SOURCE RECORDS:
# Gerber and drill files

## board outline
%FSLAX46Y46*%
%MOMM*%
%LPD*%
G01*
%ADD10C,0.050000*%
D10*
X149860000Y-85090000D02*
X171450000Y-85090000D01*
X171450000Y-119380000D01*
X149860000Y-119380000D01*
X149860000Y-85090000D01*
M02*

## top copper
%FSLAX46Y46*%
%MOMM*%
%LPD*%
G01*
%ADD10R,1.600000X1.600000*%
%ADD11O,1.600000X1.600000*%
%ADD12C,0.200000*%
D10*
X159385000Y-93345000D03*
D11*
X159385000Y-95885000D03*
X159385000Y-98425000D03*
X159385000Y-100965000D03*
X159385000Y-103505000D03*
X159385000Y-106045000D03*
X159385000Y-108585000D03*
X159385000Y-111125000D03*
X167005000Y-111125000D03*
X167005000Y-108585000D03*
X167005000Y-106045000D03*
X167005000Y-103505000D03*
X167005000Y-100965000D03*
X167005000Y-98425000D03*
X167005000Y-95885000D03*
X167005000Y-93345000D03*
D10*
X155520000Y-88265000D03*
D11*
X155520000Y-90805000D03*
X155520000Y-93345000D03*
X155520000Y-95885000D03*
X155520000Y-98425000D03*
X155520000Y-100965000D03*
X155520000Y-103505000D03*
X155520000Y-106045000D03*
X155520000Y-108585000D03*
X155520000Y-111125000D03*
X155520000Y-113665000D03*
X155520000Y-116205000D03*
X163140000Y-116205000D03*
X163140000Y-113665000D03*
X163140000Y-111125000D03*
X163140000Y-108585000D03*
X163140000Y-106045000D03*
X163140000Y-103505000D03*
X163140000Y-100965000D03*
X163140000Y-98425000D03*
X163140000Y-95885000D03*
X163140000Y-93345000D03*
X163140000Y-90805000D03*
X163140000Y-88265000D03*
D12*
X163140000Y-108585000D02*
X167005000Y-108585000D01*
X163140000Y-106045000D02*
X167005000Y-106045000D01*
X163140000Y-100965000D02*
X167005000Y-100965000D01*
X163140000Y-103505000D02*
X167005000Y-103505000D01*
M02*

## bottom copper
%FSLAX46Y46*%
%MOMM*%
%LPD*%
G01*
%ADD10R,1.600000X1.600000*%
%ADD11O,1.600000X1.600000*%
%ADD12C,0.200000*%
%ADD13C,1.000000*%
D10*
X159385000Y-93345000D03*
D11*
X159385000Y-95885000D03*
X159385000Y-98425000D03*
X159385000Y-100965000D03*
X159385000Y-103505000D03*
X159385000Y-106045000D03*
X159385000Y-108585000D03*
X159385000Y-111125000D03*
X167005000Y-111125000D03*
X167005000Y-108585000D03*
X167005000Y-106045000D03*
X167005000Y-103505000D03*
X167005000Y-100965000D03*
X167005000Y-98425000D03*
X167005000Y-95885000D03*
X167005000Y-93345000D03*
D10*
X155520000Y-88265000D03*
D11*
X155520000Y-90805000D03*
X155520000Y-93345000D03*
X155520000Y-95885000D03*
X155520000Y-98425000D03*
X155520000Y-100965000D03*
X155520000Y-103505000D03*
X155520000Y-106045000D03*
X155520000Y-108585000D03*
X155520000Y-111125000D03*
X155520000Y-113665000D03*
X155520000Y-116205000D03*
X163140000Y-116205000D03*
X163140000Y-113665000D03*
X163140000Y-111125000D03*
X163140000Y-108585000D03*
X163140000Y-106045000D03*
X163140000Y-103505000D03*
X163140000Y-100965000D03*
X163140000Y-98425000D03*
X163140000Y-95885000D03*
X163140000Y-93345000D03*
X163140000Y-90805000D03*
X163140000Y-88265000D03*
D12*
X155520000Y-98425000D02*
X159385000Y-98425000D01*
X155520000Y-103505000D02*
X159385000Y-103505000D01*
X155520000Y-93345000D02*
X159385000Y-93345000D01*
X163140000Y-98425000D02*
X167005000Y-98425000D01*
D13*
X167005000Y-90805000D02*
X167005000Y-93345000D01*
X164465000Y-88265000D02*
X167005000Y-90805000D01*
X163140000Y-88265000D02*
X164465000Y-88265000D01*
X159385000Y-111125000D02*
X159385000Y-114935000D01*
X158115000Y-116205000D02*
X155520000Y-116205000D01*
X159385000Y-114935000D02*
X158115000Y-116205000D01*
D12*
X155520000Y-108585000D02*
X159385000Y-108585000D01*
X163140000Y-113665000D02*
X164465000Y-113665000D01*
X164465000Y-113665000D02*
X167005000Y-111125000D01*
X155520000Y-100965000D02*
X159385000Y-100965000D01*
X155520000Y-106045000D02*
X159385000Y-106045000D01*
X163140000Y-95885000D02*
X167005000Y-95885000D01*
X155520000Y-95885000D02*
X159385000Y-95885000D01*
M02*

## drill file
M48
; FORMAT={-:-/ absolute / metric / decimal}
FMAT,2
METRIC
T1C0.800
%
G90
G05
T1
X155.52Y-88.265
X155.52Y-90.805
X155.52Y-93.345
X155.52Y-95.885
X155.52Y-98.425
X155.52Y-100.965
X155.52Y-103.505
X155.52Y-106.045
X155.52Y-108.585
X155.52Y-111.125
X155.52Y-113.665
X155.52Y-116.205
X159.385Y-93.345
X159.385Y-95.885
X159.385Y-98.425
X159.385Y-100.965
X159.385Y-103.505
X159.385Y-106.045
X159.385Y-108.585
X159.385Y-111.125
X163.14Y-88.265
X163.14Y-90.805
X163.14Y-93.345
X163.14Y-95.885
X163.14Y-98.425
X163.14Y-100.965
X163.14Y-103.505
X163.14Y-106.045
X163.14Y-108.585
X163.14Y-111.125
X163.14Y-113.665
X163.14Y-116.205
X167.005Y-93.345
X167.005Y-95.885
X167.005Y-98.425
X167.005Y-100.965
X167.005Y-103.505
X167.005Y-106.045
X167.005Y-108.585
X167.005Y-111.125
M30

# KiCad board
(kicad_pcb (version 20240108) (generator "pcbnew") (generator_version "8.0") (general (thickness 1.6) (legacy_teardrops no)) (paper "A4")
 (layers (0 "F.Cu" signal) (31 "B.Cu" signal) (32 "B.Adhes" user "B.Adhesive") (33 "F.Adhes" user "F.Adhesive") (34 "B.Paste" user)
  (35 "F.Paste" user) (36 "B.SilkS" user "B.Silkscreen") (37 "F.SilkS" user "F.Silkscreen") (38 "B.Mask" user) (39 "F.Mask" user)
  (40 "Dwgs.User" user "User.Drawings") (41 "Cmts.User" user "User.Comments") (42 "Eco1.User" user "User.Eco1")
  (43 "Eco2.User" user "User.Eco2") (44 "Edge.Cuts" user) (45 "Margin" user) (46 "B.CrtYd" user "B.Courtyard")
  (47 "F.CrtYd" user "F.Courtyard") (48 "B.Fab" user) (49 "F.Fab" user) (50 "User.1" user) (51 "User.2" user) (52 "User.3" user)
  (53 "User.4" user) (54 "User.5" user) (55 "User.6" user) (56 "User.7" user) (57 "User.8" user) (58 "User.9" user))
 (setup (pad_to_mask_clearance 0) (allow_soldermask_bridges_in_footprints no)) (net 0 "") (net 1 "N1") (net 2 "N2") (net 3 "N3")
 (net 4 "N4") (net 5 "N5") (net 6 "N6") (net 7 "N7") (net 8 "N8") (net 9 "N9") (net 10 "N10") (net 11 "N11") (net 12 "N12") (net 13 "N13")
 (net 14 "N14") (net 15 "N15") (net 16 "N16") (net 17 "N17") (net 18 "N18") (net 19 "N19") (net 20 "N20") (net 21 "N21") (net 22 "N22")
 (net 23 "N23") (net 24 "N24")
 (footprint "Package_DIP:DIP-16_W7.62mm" (layer "F.Cu") (at 159.385 93.345)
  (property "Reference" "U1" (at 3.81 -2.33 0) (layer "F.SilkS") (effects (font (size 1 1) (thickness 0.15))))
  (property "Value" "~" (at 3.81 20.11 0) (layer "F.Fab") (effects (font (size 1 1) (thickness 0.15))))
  (pad "1" thru_hole rect (at 0 0) (size 1.6 1.6) (drill 0.8) (layers "*.Cu" "*.Mask") (remove_unused_layers no) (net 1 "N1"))
  (pad "2" thru_hole oval (at 0 2.54) (size 1.6 1.6) (drill 0.8) (layers "*.Cu" "*.Mask") (remove_unused_layers no) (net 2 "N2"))
  (pad "3" thru_hole oval (at 0 5.08) (size 1.6 1.6) (drill 0.8) (layers "*.Cu" "*.Mask") (remove_unused_layers no) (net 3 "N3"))
  (pad "4" thru_hole oval (at 0 7.62) (size 1.6 1.6) (drill 0.8) (layers "*.Cu" "*.Mask") (remove_unused_layers no) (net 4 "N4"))
  (pad "5" thru_hole oval (at 0 10.16) (size 1.6 1.6) (drill 0.8) (layers "*.Cu" "*.Mask") (remove_unused_layers no) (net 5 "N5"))
  (pad "6" thru_hole oval (at 0 12.7) (size 1.6 1.6) (drill 0.8) (layers "*.Cu" "*.Mask") (remove_unused_layers no) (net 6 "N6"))
  (pad "7" thru_hole oval (at 0 15.24) (size 1.6 1.6) (drill 0.8) (layers "*.Cu" "*.Mask") (remove_unused_layers no) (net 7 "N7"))
  (pad "8" thru_hole oval (at 0 17.78) (size 1.6 1.6) (drill 0.8) (layers "*.Cu" "*.Mask") (remove_unused_layers no) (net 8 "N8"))
  (pad "9" thru_hole oval (at 7.62 17.78) (size 1.6 1.6) (drill 0.8) (layers "*.Cu" "*.Mask") (remove_unused_layers no) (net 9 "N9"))
  (pad "10" thru_hole oval (at 7.62 15.24) (size 1.6 1.6) (drill 0.8) (layers "*.Cu" "*.Mask") (remove_unused_layers no) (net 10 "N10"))
  (pad "11" thru_hole oval (at 7.62 12.7) (size 1.6 1.6) (drill 0.8) (layers "*.Cu" "*.Mask") (remove_unused_layers no) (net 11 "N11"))
  (pad "12" thru_hole oval (at 7.62 10.16) (size 1.6 1.6) (drill 0.8) (layers "*.Cu" "*.Mask") (remove_unused_layers no) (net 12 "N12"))
  (pad "13" thru_hole oval (at 7.62 7.62) (size 1.6 1.6) (drill 0.8) (layers "*.Cu" "*.Mask") (remove_unused_layers no) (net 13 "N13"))
  (pad "14" thru_hole oval (at 7.62 5.08) (size 1.6 1.6) (drill 0.8) (layers "*.Cu" "*.Mask") (remove_unused_layers no) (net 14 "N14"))
  (pad "15" thru_hole oval (at 7.62 2.54) (size 1.6 1.6) (drill 0.8) (layers "*.Cu" "*.Mask") (remove_unused_layers no) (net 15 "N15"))
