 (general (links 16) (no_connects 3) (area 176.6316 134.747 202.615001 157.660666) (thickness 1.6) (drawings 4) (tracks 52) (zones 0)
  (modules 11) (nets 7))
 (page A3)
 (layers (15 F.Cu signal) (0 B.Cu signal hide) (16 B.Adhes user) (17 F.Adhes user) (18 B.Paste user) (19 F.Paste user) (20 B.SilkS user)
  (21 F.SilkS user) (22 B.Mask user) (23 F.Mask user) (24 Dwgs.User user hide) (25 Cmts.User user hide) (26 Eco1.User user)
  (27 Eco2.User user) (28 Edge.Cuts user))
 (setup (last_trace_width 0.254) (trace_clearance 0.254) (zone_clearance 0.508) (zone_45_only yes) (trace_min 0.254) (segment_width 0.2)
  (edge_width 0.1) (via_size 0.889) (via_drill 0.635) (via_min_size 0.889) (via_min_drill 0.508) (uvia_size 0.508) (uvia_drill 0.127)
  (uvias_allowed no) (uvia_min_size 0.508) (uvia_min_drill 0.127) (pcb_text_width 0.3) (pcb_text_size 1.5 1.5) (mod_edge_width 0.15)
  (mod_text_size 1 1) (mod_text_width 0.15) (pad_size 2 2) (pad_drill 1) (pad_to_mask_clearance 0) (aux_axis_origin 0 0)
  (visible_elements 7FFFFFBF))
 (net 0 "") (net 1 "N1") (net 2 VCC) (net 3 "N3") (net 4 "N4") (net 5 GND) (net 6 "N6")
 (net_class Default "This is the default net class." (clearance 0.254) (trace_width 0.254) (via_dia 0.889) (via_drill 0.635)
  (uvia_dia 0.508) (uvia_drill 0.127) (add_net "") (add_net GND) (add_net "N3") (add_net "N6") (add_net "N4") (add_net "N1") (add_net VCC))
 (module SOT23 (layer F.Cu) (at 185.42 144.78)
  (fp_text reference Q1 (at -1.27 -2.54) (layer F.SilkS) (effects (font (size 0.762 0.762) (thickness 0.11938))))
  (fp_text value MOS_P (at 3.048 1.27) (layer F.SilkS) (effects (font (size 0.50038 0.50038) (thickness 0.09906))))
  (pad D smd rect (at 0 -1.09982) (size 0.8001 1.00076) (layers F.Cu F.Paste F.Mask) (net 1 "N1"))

ACTIVITY:
Take the lines above from the one containing "(net 2 VCC)" to the one containing "(module SOT23 (layer" and retype them exactly, both ends included, with nothing added.

RESPONSE TO THIS EXERCISE:
 (net 0 "") (net 1 "N1") (net 2 VCC) (net 3 "N3") (net 4 "N4") (net 5 GND) (net 6 "N6")
 (net_class Default "This is the default net class." (clearance 0.254) (trace_width 0.254) (via_dia 0.889) (via_drill 0.635)
  (uvia_dia 0.508) (uvia_drill 0.127) (add_net "") (add_net GND) (add_net "N3") (add_net "N6") (add_net "N4") (add_net "N1") (add_net VCC))
 (module SOT23 (layer F.Cu) (at 185.42 144.78)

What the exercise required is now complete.